The answer is every line in the data below that contains the word "Courtyard".
----- Listed entries -----
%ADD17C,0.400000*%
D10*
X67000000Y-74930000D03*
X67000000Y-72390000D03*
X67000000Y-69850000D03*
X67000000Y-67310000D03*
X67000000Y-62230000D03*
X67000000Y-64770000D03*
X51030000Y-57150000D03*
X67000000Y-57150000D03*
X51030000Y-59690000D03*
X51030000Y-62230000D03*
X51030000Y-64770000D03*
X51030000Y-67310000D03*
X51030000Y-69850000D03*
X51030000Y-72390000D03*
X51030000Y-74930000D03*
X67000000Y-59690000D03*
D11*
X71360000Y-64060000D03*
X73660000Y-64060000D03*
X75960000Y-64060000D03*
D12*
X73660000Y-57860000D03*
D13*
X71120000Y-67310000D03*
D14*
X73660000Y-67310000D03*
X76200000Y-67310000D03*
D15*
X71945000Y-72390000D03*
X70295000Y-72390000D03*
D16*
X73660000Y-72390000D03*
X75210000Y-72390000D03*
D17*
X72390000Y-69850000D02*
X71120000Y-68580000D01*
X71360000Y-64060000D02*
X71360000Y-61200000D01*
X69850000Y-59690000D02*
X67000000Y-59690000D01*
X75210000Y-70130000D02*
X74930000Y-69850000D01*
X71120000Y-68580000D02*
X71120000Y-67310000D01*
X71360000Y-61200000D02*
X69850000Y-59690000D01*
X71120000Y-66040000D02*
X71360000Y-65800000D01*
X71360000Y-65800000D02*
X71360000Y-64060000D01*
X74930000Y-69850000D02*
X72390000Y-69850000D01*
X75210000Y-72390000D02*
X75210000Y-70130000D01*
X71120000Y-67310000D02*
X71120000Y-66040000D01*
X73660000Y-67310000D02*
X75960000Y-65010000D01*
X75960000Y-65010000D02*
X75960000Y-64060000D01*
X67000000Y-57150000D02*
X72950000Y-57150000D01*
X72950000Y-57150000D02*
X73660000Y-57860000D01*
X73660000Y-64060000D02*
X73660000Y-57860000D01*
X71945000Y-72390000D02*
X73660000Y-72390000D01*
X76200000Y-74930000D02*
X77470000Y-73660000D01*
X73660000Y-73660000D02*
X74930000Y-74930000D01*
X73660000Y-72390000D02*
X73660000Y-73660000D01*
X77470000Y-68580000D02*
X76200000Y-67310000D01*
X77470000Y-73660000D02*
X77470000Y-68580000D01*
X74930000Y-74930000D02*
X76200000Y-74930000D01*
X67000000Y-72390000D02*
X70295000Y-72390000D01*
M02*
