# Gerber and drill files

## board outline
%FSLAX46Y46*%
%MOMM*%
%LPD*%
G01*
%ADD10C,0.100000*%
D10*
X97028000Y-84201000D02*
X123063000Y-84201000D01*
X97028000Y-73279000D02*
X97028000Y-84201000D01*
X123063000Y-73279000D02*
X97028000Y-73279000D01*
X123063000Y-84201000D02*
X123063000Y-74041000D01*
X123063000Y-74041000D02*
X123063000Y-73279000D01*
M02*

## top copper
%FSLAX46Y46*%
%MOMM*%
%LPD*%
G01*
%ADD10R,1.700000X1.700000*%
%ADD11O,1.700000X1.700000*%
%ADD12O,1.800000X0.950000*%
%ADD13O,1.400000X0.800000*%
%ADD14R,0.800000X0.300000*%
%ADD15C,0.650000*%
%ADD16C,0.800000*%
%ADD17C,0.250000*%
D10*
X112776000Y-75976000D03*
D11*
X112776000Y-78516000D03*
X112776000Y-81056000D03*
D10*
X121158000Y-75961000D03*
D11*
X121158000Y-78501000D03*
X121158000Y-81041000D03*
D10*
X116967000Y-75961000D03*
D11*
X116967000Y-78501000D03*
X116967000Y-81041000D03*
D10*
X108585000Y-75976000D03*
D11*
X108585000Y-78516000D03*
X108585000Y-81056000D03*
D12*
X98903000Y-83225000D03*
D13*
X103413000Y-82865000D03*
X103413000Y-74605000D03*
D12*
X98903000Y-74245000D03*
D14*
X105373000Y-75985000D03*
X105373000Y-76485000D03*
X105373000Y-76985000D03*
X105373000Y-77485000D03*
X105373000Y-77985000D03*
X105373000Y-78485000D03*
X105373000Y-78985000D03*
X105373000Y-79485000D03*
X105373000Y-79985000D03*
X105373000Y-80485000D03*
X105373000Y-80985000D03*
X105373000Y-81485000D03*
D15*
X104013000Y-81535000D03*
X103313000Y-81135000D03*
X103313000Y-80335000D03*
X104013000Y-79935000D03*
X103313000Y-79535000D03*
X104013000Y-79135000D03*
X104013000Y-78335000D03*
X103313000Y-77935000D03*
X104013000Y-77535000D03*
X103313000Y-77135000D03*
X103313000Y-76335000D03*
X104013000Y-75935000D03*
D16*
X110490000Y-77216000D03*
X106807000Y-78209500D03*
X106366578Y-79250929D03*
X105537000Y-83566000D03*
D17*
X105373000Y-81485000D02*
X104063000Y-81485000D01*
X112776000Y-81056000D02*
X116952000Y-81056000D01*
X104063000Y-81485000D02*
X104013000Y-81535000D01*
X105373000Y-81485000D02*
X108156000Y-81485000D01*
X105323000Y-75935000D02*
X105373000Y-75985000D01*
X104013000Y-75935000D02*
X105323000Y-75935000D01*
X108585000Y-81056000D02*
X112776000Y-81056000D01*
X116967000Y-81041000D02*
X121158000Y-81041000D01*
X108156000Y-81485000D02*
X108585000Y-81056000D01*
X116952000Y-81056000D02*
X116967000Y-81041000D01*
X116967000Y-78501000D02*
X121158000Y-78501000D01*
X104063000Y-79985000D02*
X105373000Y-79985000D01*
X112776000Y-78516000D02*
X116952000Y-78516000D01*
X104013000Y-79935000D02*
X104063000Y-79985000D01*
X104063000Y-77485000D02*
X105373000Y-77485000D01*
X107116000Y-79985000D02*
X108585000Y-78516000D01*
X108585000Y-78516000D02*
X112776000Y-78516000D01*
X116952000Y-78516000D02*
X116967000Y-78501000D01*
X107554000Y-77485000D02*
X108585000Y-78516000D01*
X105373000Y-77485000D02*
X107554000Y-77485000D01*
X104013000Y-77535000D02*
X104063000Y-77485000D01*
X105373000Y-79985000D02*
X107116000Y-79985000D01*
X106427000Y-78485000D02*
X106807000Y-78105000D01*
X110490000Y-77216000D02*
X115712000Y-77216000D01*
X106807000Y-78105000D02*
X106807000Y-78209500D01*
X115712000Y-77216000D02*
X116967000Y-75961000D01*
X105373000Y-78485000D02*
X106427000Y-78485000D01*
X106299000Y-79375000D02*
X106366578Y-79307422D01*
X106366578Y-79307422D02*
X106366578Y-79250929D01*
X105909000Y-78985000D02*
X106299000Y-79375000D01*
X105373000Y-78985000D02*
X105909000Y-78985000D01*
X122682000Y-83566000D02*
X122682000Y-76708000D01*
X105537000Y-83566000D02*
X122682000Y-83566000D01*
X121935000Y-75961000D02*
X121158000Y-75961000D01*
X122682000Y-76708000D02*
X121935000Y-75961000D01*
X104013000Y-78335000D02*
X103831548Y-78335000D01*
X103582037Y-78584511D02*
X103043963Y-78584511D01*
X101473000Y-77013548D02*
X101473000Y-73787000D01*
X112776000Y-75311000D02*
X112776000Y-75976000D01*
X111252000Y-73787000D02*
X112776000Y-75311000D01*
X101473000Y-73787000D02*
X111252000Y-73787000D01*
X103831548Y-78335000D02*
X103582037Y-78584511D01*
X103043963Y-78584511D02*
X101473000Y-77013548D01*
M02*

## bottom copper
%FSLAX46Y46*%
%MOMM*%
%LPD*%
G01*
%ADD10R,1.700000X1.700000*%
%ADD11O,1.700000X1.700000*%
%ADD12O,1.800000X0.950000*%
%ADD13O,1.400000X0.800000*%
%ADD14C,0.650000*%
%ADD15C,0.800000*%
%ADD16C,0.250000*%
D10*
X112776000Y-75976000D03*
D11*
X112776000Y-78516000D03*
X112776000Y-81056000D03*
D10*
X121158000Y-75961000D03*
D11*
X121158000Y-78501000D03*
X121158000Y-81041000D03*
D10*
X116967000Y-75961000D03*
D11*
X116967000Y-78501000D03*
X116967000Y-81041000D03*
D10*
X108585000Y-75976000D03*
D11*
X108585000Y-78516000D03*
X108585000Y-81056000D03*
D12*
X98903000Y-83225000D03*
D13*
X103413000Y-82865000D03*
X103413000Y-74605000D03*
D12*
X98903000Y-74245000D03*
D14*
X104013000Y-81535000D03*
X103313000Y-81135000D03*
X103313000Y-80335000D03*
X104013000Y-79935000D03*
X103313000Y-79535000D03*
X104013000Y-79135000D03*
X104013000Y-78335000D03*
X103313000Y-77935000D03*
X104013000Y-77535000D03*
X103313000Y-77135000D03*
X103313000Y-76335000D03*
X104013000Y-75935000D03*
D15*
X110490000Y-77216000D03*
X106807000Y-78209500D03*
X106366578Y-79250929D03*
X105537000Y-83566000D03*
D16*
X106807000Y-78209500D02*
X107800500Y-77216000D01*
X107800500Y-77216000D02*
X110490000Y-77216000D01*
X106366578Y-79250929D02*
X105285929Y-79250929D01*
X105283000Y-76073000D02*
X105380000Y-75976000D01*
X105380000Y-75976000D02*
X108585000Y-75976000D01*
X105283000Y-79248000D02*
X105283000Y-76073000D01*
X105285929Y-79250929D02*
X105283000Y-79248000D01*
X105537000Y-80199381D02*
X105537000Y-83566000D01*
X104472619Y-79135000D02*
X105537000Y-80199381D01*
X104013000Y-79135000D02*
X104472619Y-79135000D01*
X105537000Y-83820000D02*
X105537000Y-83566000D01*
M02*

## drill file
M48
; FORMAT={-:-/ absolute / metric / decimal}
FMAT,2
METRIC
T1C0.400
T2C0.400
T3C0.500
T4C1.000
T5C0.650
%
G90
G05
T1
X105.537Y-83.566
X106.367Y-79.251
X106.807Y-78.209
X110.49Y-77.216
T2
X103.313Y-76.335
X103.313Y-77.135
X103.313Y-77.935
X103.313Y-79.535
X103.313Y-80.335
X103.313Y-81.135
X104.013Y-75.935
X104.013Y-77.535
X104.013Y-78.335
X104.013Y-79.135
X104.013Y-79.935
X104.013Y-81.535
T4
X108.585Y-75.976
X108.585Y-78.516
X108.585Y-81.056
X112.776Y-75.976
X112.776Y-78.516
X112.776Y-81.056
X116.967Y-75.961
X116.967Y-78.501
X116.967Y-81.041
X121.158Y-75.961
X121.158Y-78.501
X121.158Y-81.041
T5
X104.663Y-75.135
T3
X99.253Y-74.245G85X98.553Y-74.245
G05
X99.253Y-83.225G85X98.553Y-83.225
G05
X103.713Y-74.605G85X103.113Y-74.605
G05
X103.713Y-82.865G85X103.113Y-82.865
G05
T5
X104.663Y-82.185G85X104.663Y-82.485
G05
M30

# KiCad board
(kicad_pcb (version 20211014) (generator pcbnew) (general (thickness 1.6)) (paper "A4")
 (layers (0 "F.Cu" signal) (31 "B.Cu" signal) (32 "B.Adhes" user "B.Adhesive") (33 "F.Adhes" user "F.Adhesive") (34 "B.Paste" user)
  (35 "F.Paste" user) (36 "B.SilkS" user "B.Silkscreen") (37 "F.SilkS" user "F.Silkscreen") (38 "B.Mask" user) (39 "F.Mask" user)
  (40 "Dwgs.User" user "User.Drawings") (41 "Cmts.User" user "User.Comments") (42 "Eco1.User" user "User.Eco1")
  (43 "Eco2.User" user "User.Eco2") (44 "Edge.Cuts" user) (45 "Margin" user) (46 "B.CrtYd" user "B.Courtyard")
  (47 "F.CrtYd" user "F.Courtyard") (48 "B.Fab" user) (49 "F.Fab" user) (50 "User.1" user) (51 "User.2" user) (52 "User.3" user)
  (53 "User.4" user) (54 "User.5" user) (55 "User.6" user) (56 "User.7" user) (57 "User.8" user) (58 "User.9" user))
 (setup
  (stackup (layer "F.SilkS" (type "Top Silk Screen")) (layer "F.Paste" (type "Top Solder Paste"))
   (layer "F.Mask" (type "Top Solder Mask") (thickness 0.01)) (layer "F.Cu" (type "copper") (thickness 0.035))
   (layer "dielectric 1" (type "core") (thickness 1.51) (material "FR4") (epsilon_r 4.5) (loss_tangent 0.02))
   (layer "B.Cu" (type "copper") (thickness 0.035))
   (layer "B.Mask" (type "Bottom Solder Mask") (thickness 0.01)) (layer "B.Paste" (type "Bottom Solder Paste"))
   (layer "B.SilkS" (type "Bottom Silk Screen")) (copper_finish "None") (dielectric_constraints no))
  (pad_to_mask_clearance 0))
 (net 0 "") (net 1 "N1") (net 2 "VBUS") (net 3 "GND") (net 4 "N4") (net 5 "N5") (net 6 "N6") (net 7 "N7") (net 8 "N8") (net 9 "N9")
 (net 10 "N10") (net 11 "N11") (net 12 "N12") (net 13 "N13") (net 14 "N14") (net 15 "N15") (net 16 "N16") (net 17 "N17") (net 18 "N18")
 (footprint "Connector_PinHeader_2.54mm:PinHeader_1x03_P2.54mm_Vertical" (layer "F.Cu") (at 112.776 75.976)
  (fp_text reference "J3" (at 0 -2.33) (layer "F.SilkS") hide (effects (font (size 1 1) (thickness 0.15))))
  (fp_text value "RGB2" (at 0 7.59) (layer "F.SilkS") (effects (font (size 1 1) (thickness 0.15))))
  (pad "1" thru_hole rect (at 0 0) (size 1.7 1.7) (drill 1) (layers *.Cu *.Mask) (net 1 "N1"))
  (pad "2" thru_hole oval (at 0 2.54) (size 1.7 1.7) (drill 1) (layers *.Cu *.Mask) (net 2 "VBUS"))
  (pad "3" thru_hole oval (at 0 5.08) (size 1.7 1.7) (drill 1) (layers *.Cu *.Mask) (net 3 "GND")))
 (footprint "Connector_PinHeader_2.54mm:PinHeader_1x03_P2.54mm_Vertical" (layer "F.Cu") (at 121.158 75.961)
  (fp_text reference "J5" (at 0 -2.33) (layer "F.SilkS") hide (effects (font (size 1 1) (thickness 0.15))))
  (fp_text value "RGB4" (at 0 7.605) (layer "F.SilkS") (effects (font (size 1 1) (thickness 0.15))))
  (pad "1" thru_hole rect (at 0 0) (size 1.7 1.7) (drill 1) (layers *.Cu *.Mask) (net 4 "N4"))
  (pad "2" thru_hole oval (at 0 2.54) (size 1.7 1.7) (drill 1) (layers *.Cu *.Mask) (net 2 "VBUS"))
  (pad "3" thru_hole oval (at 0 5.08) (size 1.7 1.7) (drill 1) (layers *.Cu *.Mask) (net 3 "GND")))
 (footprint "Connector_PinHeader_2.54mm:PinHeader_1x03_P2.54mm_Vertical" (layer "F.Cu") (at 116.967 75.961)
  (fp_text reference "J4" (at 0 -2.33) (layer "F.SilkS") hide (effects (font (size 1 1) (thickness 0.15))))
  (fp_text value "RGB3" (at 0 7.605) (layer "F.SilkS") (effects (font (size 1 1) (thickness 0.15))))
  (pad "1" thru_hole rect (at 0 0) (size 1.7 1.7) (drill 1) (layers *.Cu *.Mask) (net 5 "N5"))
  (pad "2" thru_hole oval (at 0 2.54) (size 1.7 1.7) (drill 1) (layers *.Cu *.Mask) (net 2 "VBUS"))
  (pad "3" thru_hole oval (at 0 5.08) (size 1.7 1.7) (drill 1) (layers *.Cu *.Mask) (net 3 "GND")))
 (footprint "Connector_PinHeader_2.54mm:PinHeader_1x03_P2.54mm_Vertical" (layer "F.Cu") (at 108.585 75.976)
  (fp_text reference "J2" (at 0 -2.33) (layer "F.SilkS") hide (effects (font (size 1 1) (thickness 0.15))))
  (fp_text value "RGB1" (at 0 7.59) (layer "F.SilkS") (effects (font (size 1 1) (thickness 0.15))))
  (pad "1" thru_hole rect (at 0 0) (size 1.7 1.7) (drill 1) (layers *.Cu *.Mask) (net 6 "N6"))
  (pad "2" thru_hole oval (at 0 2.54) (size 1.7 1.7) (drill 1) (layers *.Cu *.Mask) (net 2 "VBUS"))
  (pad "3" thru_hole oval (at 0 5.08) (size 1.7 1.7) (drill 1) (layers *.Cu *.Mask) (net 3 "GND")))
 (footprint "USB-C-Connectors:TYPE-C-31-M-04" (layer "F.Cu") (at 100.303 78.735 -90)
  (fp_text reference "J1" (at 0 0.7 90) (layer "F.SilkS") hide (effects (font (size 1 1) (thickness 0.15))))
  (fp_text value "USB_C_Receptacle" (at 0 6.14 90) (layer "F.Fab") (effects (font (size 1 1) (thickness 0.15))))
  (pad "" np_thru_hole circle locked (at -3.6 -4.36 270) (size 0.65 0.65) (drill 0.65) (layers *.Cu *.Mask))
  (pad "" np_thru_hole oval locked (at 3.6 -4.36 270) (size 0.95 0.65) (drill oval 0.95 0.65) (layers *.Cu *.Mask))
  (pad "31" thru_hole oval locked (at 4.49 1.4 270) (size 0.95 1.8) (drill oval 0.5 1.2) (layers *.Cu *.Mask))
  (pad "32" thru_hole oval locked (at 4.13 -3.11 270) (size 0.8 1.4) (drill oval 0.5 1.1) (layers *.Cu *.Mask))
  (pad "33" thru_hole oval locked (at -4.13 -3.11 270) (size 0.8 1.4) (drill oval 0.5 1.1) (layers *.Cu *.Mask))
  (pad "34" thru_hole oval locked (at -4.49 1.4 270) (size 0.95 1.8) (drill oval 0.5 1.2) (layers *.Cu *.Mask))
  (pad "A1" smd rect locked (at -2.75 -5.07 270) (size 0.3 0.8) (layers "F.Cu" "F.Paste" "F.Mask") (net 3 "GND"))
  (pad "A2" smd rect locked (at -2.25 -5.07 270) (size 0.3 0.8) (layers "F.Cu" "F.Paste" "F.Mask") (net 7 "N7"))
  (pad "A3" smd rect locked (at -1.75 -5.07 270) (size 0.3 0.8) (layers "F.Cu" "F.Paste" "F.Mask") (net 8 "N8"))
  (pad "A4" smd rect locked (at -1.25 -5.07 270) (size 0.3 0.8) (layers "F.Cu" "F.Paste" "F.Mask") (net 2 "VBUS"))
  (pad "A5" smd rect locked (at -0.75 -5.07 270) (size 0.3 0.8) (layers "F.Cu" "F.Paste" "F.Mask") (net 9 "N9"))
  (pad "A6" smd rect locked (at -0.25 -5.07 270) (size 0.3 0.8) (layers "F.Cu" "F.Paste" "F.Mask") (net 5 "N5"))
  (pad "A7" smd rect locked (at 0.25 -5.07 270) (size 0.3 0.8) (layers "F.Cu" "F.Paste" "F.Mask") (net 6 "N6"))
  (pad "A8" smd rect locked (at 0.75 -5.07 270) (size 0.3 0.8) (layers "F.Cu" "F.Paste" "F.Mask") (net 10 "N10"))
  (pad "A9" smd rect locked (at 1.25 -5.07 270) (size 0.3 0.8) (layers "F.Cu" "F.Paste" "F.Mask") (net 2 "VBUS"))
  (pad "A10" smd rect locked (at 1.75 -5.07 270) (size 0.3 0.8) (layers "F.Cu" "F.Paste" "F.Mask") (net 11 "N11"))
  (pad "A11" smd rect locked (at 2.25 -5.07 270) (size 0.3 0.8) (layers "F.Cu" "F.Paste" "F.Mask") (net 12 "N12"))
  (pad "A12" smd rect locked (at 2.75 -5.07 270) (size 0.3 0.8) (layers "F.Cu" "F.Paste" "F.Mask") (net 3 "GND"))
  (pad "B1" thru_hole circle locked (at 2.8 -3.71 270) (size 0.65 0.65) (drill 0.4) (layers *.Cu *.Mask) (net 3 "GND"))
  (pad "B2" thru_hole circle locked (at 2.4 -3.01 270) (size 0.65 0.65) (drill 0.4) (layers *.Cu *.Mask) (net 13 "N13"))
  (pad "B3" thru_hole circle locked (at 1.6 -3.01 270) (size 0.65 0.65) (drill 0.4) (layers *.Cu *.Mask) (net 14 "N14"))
-----
Reply to the exercise:
  (43 "Eco2.User" user "User.Eco2") (44 "Edge.Cuts" user) (45 "Margin" user) (46 "B.CrtYd" user "B.Courtyard")
  (47 "F.CrtYd" user "F.Courtyard") (48 "B.Fab" user) (49 "F.Fab" user) (50 "User.1" user) (51 "User.2" user) (52 "User.3" user)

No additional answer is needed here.